--- START ---

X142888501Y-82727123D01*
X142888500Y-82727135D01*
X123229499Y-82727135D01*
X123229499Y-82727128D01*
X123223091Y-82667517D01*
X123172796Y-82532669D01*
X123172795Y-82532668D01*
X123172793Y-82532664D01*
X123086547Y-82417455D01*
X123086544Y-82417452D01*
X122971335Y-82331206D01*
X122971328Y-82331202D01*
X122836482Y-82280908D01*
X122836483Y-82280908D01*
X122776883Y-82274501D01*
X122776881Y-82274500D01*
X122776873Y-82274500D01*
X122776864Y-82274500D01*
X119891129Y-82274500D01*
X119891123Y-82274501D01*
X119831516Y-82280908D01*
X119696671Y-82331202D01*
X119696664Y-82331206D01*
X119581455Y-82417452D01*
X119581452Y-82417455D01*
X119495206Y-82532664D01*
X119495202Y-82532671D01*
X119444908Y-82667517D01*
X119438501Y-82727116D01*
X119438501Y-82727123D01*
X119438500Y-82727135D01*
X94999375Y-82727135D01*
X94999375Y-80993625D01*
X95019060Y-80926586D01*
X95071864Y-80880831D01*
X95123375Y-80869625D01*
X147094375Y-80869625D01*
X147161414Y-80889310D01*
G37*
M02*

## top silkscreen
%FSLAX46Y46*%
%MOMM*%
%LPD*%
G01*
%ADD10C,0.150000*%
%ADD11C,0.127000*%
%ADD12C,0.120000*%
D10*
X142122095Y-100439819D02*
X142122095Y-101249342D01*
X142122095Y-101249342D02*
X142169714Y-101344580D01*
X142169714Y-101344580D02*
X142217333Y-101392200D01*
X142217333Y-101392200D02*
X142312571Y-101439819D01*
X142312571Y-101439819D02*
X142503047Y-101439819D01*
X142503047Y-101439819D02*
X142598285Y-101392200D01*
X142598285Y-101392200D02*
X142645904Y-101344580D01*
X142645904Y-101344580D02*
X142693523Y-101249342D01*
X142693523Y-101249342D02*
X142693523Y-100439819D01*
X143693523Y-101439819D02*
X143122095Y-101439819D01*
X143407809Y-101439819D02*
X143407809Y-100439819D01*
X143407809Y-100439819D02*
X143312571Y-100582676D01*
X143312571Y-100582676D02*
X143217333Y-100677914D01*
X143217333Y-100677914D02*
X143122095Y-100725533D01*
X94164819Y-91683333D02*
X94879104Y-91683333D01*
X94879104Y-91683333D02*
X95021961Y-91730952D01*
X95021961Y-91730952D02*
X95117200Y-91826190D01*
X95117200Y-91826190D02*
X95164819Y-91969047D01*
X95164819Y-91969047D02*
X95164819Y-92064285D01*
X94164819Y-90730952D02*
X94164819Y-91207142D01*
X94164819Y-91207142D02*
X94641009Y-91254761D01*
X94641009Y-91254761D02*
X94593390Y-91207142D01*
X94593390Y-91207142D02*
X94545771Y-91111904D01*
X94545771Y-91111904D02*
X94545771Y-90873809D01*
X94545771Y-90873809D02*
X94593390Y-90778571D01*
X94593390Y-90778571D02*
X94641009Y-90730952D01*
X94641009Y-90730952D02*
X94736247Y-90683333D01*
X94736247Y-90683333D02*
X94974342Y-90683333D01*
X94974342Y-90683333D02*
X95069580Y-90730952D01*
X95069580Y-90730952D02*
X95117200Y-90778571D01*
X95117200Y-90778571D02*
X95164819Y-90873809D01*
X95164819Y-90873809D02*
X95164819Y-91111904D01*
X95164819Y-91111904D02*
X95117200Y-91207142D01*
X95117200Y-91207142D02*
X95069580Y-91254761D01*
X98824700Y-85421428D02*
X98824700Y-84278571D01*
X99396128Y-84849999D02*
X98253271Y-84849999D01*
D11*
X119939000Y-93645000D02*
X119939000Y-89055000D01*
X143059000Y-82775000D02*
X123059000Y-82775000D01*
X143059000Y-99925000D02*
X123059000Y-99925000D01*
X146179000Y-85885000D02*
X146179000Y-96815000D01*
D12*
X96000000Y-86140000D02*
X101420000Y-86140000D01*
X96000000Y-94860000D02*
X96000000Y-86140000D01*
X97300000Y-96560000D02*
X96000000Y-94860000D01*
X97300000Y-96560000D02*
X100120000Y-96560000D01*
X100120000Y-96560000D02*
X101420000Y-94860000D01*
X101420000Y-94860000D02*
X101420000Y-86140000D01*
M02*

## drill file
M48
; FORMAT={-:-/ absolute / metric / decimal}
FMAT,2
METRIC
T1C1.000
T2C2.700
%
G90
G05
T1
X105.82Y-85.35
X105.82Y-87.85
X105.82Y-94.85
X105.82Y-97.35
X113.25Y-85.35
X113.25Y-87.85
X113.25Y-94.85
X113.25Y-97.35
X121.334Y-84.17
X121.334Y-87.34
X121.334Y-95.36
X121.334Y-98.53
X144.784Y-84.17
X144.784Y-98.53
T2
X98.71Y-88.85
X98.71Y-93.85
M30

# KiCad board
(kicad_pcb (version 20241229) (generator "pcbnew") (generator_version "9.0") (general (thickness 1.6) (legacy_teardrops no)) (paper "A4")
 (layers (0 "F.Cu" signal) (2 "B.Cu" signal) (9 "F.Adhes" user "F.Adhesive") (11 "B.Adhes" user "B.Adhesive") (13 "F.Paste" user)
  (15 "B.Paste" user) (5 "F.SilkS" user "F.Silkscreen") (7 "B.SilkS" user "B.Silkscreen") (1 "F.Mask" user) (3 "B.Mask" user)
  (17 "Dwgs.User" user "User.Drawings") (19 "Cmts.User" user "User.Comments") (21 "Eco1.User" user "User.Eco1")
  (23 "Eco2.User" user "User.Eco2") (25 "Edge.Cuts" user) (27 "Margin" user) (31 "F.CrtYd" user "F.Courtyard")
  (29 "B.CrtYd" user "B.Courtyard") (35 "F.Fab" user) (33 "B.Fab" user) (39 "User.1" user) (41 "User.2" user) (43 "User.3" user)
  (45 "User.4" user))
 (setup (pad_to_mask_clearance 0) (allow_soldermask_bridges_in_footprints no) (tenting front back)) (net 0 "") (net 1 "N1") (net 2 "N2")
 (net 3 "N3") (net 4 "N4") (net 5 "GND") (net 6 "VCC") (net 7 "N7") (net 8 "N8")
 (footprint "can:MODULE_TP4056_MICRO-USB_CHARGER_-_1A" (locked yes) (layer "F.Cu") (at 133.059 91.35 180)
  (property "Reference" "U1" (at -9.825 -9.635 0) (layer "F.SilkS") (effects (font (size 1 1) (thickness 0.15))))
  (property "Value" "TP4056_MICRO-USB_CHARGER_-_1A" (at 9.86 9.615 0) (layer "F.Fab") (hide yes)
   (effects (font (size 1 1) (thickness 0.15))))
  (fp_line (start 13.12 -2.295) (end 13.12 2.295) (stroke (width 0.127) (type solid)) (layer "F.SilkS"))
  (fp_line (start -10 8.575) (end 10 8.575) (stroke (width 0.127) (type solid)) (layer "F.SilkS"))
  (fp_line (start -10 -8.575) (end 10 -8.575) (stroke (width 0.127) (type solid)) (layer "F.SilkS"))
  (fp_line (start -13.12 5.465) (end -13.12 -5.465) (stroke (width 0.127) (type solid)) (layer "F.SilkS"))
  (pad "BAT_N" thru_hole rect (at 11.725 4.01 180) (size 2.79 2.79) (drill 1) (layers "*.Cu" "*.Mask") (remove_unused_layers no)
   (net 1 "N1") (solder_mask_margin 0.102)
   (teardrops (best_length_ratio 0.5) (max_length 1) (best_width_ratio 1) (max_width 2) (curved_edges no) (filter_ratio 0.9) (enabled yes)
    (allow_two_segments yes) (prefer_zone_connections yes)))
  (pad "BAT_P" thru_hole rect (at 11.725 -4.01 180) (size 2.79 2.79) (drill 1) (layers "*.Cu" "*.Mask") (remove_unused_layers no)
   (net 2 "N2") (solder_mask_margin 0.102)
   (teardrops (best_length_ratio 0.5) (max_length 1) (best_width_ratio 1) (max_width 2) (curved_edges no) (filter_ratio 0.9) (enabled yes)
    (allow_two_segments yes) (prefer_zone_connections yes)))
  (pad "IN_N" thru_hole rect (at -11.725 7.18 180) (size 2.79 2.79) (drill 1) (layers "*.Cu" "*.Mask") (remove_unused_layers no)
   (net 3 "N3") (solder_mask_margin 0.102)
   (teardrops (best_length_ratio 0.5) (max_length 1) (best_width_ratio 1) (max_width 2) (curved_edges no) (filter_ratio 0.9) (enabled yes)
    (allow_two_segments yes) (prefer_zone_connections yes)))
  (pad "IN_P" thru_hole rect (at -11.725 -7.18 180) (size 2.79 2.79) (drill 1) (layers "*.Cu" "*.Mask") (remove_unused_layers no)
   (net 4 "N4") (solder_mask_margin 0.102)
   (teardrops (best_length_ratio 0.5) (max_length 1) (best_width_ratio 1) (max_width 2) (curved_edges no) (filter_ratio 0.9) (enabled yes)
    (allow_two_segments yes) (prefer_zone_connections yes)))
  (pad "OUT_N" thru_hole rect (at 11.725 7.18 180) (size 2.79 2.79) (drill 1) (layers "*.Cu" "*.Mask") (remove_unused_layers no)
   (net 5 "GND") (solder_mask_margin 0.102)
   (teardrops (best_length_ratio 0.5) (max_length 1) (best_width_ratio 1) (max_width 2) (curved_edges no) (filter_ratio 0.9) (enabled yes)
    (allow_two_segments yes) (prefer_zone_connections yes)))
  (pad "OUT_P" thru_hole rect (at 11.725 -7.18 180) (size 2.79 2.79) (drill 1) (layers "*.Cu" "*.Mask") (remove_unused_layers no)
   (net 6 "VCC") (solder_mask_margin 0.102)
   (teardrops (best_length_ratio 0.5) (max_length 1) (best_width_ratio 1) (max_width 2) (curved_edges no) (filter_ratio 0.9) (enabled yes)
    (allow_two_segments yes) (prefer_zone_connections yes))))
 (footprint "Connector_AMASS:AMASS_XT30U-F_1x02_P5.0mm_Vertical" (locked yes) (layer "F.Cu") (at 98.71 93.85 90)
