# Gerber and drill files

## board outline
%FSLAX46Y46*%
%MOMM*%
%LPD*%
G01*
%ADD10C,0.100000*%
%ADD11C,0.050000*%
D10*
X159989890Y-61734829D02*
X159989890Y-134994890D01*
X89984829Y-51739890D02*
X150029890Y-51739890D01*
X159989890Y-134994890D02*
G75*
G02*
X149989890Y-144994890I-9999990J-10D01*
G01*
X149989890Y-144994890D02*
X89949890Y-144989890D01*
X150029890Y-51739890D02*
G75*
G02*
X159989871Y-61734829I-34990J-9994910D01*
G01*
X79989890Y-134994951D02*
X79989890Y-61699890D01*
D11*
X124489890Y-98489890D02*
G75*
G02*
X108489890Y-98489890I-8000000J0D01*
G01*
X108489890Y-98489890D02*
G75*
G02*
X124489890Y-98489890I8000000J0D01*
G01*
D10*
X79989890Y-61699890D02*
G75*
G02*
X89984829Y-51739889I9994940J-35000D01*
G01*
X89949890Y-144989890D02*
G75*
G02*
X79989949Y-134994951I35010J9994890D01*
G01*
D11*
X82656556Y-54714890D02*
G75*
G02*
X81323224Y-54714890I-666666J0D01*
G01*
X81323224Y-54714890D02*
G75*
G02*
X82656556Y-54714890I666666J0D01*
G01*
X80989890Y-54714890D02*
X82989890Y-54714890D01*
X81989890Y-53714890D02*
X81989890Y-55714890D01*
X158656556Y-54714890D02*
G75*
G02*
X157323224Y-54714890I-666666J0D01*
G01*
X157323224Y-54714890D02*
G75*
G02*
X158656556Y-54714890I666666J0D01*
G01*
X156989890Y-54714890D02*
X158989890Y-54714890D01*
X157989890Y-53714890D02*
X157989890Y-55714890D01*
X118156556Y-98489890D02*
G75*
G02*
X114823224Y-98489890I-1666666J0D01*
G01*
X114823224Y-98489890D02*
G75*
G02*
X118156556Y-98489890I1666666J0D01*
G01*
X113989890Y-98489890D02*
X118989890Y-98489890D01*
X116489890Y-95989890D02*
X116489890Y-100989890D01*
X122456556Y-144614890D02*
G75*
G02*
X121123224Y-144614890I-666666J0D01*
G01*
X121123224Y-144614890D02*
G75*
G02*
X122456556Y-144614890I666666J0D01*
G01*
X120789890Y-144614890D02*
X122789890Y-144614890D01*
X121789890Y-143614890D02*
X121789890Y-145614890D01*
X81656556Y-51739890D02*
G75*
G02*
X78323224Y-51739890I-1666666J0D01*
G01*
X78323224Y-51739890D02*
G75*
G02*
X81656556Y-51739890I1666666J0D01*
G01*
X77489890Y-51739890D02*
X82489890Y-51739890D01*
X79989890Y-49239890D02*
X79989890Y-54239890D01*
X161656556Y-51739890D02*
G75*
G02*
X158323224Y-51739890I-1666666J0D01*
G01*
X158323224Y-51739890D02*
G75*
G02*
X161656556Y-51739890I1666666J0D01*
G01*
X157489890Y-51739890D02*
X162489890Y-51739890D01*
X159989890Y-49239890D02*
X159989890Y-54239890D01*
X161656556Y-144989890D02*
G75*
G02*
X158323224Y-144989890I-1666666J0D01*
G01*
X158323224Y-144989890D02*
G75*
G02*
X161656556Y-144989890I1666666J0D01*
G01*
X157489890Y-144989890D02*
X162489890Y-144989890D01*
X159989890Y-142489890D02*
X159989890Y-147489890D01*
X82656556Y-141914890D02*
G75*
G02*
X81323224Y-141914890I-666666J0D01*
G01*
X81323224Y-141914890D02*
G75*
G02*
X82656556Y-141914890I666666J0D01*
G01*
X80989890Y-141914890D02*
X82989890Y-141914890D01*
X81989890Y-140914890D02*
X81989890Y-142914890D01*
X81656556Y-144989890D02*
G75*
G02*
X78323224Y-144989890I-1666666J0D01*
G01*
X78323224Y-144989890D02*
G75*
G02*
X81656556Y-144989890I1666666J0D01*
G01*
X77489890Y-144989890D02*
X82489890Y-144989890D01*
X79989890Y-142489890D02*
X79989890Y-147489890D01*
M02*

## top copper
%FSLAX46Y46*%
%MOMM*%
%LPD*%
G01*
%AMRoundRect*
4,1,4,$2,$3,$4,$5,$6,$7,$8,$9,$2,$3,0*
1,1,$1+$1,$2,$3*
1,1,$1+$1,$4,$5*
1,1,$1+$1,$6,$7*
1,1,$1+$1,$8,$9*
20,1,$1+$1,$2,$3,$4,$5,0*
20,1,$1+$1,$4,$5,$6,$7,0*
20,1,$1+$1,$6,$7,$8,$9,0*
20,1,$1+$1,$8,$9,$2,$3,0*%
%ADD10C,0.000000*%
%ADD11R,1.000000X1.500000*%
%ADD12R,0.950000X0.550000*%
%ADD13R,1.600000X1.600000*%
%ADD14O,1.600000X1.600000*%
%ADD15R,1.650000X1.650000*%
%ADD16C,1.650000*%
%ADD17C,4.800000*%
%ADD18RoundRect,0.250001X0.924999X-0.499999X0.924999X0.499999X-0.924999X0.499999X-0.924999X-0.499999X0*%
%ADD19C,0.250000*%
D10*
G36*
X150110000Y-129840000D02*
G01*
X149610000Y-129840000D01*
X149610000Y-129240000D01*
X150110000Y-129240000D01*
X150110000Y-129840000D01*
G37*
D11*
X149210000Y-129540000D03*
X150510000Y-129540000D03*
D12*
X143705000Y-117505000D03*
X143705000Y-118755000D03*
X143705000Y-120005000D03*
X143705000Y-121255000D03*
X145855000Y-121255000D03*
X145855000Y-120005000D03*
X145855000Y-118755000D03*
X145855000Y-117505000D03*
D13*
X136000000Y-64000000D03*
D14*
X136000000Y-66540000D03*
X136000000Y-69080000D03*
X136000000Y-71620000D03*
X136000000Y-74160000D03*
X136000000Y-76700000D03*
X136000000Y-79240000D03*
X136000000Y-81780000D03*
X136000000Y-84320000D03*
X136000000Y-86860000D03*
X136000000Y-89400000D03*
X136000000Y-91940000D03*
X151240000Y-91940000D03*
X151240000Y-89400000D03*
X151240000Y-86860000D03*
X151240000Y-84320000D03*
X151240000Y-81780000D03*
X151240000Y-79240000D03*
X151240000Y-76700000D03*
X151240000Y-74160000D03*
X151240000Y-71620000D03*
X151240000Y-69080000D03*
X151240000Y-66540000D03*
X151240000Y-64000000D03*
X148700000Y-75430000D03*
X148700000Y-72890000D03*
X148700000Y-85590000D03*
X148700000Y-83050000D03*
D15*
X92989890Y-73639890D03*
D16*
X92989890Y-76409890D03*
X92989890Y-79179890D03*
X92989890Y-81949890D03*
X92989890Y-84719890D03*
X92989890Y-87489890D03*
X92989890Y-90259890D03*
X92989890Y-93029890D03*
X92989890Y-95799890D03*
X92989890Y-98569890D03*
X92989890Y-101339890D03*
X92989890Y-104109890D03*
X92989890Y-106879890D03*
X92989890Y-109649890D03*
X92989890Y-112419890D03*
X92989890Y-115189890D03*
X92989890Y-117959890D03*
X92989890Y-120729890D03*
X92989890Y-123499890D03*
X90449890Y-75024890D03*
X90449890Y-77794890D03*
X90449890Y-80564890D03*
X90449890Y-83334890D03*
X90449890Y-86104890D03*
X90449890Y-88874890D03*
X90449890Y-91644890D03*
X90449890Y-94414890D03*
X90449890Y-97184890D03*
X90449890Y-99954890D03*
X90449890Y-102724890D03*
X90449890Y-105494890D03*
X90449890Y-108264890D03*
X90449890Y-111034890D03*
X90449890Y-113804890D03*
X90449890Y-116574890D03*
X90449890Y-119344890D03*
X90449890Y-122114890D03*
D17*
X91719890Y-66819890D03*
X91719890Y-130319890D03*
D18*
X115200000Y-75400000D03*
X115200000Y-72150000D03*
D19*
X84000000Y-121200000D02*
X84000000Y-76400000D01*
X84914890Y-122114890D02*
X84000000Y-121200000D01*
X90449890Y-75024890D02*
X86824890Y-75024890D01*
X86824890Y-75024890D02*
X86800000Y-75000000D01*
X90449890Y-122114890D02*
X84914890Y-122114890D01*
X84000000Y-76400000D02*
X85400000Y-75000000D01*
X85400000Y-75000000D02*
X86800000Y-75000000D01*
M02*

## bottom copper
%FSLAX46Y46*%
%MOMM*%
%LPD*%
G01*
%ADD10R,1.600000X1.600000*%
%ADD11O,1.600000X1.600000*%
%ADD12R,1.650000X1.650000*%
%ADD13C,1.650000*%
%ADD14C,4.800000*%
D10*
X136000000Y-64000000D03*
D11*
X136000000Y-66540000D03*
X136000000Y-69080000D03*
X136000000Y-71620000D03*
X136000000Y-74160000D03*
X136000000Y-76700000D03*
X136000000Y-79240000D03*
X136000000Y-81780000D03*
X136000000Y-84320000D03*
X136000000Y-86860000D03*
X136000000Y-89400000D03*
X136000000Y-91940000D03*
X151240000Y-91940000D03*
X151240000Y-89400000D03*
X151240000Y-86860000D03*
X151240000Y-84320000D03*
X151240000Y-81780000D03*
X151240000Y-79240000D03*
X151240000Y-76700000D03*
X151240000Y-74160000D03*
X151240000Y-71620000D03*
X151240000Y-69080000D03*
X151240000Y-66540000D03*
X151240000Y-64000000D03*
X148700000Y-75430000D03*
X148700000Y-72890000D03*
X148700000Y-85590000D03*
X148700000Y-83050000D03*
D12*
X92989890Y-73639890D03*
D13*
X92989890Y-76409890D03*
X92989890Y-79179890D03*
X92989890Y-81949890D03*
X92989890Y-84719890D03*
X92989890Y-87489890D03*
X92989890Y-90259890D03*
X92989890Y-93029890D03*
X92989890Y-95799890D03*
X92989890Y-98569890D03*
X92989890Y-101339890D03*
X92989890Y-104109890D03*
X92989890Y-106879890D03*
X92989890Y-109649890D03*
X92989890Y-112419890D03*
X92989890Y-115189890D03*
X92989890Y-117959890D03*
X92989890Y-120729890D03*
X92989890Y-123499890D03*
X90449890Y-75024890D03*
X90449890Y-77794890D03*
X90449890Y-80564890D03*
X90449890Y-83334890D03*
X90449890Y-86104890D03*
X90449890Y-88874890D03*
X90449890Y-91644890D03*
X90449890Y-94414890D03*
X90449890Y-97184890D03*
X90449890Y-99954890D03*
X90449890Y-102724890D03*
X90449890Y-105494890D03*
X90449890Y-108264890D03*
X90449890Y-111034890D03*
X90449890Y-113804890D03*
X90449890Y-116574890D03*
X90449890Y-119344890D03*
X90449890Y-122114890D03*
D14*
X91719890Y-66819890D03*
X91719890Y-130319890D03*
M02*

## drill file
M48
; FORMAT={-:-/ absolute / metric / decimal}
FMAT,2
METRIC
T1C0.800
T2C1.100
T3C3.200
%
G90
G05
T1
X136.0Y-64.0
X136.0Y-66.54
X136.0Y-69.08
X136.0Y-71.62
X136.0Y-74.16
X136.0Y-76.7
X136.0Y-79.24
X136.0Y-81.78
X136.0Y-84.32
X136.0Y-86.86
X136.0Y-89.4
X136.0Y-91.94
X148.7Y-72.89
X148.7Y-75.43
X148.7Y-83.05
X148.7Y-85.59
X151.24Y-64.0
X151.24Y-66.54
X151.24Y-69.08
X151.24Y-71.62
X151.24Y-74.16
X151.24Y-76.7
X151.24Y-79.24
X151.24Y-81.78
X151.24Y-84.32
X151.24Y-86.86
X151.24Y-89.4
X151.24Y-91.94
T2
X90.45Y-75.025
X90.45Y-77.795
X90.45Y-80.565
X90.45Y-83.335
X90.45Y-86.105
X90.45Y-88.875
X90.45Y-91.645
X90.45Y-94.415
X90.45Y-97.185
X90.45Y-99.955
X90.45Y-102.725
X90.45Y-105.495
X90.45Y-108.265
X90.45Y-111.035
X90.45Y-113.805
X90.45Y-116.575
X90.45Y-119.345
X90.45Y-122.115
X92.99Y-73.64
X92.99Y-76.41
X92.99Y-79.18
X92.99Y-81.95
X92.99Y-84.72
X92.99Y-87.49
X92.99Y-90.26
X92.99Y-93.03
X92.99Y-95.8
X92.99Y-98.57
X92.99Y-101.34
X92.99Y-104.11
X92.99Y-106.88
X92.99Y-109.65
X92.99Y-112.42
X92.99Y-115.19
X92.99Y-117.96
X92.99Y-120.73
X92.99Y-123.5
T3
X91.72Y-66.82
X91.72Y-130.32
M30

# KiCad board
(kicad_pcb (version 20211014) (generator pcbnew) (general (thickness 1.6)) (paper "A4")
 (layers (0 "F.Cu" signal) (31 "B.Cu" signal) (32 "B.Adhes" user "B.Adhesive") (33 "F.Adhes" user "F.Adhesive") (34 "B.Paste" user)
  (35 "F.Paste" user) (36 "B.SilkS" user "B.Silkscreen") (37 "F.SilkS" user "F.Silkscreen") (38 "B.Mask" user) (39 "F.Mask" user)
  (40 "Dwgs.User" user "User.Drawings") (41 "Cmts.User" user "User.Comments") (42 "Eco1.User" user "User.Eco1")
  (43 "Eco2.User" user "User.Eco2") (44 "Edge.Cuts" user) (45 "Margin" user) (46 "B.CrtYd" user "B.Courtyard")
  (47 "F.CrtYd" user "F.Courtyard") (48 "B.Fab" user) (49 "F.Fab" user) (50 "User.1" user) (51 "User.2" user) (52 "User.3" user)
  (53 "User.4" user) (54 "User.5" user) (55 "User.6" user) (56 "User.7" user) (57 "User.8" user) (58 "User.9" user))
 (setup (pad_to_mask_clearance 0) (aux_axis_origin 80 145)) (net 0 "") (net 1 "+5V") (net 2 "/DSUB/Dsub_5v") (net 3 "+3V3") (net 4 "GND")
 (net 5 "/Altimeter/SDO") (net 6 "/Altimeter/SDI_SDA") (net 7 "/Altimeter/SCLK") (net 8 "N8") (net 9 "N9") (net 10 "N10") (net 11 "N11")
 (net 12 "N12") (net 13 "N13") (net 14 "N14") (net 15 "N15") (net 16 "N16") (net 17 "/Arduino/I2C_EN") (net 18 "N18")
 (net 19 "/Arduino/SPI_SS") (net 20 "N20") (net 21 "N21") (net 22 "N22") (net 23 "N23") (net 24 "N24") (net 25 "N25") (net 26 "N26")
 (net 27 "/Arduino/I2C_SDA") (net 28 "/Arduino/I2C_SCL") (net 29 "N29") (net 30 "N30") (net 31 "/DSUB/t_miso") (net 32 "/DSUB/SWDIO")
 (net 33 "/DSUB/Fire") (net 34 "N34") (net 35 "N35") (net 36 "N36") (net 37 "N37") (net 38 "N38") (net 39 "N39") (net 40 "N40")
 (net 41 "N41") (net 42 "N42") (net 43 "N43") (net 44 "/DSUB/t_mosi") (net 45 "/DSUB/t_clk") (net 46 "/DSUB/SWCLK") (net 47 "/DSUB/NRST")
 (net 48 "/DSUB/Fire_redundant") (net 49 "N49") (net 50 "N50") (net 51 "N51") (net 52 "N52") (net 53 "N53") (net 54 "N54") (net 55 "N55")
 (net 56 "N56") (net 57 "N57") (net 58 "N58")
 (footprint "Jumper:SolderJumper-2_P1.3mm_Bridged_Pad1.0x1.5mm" (layer "F.Cu") (at 149.86 129.54)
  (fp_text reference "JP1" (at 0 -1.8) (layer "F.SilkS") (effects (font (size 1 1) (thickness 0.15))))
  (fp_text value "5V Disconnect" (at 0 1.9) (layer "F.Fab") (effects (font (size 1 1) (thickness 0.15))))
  (fp_poly (pts (xy -0.25 -0.3) (xy 0.25 -0.3) (xy 0.25 0.3) (xy -0.25 0.3)) (layer "F.Cu") (width 0) (fill solid))
  (pad "1" smd rect (at -0.65 0) (size 1 1.5) (layers "F.Cu" "F.Mask") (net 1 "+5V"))
  (pad "2" smd rect (at 0.65 0) (size 1 1.5) (layers "F.Cu" "F.Mask") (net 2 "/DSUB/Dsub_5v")))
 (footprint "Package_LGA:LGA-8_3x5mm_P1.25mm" (layer "F.Cu") (at 144.78 119.38)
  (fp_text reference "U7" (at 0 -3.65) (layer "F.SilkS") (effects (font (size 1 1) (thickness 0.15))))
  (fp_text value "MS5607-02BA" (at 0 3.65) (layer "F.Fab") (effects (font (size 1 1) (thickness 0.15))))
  (pad "1" smd rect (at -1.075 -1.875) (size 0.95 0.55) (layers "F.Cu" "F.Paste" "F.Mask") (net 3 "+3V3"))
  (pad "2" smd rect (at -1.075 -0.625) (size 0.95 0.55) (layers "F.Cu" "F.Paste" "F.Mask") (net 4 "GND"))
  (pad "3" smd rect (at -1.075 0.625) (size 0.95 0.55) (layers "F.Cu" "F.Paste" "F.Mask") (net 4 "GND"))
  (pad "4" smd rect (at -1.075 1.875) (size 0.95 0.55) (layers "F.Cu" "F.Paste" "F.Mask") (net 4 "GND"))
  (pad "5" smd rect (at 1.075 1.875) (size 0.95 0.55) (layers "F.Cu" "F.Paste" "F.Mask") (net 4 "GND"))
  (pad "6" smd rect (at 1.075 0.625) (size 0.95 0.55) (layers "F.Cu" "F.Paste" "F.Mask") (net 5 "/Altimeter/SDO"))
  (pad "7" smd rect (at 1.075 -0.625) (size 0.95 0.55) (layers "F.Cu" "F.Paste" "F.Mask") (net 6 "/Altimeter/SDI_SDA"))
  (pad "8" smd rect (at 1.075 -1.875) (size 0.95 0.55) (layers "F.Cu" "F.Paste" "F.Mask") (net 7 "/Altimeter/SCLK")))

--- END ---

**TASK:** Every line above from the line with "X150029890Y-51739890D01*" to the line with "X124489890Y-98489890D02*", both included, must be reproduced exactly, and no other line may appear.

**EXERCISE RESULT:**
X150029890Y-51739890D01*
X159989890Y-134994890D02*
G75*
G02*
X149989890Y-144994890I-9999990J-10D01*
G01*
X149989890Y-144994890D02*
X89949890Y-144989890D01*
X150029890Y-51739890D02*
G75*
G02*
X159989871Y-61734829I-34990J-9994910D01*
G01*
X79989890Y-134994951D02*
X79989890Y-61699890D01*
D11*
X124489890Y-98489890D02*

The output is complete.